特に40代は、「つみたてNISA」の買付金額で1位の27.2%を占めています。(金融庁:令和3年7月16日公表_P9)
そういった中で、いざ始めようと「つみたてNISA」の口座を開設しても、たくさんの商品があって、どれを選べばよいのか悩んでしまいますよね?
そこで今回は、インデックスファンドの選び方を紹介します。
ご存じのように、インディックスファンドは、投資対象とする指数(インデックス)に連動する形で運用利益を出す商品です。
すなわち、どの指数を選択するかが重要になります。
インデックスファンドの選び方は、以下のとおりです。
- 投資対象となる指数の中身と過去の上昇率を確認
- その指数を対象とするインデックスファンドで1番コスト(信託報酬)が安いものを選択
そのためこの記事では、代表的な指数の中身と過去20年間の上昇率を紹介していきます。
過去の上昇率を参考にして、どの指数が自分の投資志向と合っているのかが分かれば、自分に合ったインデックスファンドを見つけることができます。
では、以下から詳しく紹介していきます。
目次
インデックスファンドとアクティブファンド
投資信託には、大きく分けて「インデックスファンド」と「アクティブファンド」の2つがあります。

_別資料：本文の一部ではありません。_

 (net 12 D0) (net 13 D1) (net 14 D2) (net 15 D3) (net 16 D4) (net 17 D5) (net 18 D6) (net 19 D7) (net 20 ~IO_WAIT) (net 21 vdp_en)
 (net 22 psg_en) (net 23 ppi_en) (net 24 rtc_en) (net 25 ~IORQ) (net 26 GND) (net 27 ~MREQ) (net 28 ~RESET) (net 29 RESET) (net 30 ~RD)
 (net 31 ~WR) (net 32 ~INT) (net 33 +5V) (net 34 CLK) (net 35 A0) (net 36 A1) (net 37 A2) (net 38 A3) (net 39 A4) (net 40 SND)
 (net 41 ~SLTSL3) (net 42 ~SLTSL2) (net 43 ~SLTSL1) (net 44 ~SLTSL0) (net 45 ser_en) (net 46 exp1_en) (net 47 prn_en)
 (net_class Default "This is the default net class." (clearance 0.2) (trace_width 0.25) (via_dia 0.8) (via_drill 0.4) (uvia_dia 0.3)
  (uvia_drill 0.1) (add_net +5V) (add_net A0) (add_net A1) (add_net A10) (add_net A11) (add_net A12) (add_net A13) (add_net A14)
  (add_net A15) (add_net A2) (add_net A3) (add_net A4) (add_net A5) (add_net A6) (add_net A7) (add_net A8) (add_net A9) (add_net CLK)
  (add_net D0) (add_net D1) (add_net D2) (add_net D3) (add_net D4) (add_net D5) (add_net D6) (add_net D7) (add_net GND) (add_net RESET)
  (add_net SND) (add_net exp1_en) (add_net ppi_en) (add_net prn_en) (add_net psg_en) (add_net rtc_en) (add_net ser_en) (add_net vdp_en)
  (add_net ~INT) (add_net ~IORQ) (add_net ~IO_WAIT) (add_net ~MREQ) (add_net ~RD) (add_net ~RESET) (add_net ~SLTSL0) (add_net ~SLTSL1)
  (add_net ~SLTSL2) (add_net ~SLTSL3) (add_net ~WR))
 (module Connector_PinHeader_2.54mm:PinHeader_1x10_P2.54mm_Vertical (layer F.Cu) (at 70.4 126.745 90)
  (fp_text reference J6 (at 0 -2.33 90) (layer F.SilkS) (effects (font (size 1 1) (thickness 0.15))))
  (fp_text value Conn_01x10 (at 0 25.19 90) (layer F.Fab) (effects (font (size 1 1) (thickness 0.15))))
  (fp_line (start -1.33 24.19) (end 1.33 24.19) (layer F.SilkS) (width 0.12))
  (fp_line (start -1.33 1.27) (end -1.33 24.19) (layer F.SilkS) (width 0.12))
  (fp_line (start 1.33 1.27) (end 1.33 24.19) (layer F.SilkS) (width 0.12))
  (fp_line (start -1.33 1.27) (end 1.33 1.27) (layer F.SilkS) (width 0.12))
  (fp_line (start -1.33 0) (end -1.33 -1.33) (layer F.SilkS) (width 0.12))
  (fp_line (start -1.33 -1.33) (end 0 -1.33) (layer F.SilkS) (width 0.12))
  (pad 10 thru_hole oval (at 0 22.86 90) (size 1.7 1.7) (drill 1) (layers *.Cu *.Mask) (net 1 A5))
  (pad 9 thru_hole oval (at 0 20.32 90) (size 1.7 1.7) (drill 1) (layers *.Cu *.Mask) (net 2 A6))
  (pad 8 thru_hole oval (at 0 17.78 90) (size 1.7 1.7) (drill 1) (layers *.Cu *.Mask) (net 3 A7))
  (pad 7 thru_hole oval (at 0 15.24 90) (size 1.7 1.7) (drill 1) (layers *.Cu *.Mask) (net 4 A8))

それぞれに長所と短所がありますので、まずは2つの違いを簡単に解説します。
インデックスファンドについて
そもそも、インデックスファンドとは何でしょうか?
答えは、対象とする指数(インデックス)に連動して運用利益を出す投資信託のこと。
以下のように、指数に準じた動きになるように運用する商品です。
運用は各社のファンドマネージャーといわれる投資のプロが行ってくれます。
指数に連動する機械的な運用なので、コスト(信託報酬)は安いのが特徴です。
アクティブファンドについて
それに対して、対象とする指数の平均以上の利益を追求するものがアクティブファンドです。

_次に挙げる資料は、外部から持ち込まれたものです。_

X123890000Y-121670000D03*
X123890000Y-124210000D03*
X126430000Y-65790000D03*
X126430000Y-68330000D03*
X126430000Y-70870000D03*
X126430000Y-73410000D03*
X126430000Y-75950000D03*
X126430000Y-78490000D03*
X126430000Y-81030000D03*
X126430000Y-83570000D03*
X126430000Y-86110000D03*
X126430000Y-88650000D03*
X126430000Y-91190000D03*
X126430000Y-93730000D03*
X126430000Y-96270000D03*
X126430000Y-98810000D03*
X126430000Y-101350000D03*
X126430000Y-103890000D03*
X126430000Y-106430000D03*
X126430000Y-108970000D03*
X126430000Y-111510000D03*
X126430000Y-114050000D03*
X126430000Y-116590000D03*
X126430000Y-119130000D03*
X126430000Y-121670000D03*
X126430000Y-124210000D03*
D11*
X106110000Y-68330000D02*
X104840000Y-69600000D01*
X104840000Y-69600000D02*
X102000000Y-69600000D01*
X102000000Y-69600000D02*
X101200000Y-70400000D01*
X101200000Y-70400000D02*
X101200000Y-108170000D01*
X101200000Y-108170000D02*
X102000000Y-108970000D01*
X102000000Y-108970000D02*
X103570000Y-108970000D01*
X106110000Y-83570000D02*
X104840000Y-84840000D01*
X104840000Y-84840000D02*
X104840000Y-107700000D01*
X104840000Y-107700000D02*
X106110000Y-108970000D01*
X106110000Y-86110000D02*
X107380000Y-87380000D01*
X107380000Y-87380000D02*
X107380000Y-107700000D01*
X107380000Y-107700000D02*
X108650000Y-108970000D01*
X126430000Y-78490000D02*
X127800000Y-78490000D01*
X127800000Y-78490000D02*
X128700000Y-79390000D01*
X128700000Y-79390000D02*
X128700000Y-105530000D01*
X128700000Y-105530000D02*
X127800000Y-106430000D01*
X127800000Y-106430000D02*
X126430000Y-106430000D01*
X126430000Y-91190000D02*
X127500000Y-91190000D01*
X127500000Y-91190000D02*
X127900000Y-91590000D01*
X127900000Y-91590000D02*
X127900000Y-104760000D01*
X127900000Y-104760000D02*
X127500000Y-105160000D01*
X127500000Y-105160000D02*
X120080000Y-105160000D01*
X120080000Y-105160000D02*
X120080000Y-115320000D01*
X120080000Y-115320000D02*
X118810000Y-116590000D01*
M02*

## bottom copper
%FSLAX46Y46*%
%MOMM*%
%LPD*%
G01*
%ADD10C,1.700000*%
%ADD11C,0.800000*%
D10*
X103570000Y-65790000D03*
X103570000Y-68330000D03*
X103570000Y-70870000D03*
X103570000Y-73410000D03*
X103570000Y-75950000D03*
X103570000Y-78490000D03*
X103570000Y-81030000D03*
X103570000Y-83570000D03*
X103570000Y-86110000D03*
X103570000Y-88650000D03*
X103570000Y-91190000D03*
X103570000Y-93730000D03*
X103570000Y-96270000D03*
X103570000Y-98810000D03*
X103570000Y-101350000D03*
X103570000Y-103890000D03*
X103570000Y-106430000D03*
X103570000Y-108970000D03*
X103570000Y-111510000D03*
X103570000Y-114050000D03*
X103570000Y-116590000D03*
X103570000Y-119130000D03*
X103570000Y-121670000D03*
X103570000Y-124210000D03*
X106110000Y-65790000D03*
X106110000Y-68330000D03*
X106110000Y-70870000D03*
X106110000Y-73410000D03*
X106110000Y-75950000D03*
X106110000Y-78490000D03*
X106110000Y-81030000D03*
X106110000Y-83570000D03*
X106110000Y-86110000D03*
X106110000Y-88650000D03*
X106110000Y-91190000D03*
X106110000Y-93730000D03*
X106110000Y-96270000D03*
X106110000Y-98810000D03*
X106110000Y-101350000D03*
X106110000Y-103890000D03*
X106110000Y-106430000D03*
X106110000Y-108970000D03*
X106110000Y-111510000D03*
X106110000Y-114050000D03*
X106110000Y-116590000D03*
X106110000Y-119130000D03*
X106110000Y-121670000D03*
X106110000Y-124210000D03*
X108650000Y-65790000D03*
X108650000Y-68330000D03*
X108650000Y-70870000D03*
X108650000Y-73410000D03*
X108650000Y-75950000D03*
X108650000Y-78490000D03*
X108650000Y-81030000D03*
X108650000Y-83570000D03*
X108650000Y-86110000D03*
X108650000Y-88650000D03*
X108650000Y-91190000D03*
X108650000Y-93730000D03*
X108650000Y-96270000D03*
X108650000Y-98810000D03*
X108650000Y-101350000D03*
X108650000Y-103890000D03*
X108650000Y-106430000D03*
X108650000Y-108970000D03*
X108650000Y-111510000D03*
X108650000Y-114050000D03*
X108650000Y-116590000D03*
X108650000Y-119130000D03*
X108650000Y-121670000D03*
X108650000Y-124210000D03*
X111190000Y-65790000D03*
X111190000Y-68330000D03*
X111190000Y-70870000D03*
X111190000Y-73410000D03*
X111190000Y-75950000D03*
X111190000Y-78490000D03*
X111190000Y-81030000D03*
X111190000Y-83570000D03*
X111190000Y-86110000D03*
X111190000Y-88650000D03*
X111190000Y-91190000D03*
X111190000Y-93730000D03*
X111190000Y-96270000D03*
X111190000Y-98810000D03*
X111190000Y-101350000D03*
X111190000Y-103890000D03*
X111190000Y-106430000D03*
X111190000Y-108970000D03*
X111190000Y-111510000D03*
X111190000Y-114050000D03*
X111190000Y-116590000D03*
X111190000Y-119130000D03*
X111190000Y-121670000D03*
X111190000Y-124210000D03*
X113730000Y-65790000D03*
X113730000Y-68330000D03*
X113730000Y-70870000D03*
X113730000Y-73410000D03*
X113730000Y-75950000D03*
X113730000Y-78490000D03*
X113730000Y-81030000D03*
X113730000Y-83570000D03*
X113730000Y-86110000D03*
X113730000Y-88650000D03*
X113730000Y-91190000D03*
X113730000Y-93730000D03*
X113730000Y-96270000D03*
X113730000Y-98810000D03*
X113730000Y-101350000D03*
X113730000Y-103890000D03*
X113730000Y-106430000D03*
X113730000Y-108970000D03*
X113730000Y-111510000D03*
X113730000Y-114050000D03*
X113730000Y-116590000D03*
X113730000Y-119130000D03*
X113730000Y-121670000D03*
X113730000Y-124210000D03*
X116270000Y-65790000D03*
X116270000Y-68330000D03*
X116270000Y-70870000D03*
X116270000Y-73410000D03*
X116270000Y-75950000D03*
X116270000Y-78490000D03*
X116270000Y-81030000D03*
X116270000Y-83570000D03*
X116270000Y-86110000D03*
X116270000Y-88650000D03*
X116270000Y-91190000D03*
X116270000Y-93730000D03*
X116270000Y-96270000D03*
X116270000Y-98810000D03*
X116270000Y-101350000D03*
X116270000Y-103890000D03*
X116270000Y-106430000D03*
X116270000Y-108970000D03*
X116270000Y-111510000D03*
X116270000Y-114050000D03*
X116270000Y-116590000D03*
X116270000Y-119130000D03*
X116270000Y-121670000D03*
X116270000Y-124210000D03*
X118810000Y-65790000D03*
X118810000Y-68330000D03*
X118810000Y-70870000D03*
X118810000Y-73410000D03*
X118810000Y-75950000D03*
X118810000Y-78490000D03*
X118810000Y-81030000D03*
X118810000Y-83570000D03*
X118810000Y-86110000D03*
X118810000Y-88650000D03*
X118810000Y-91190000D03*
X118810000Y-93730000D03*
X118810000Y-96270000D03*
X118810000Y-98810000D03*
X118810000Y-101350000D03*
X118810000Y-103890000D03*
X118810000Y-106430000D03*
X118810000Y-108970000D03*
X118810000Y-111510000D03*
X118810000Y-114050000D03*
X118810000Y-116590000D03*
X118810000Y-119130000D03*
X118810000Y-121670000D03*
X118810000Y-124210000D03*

下図のように、アクティブファンドは対象とする市場を独自に設定して、その市場平均を超える成果を目指すように運用されます。
各社のファンドマネージャーの腕がものをいう商品なので、運用成績の差が大きくなります。
成績を上げるために市場調査などの手間が必要になるので、コスト(信託報酬)はインデックスファンドより高いです。
アクティブファンドは市場平均を大きく超えるものもありますが、コストが高い割にインデックスファンドの成績と変わらないか、それ以下の成績の商品もあります。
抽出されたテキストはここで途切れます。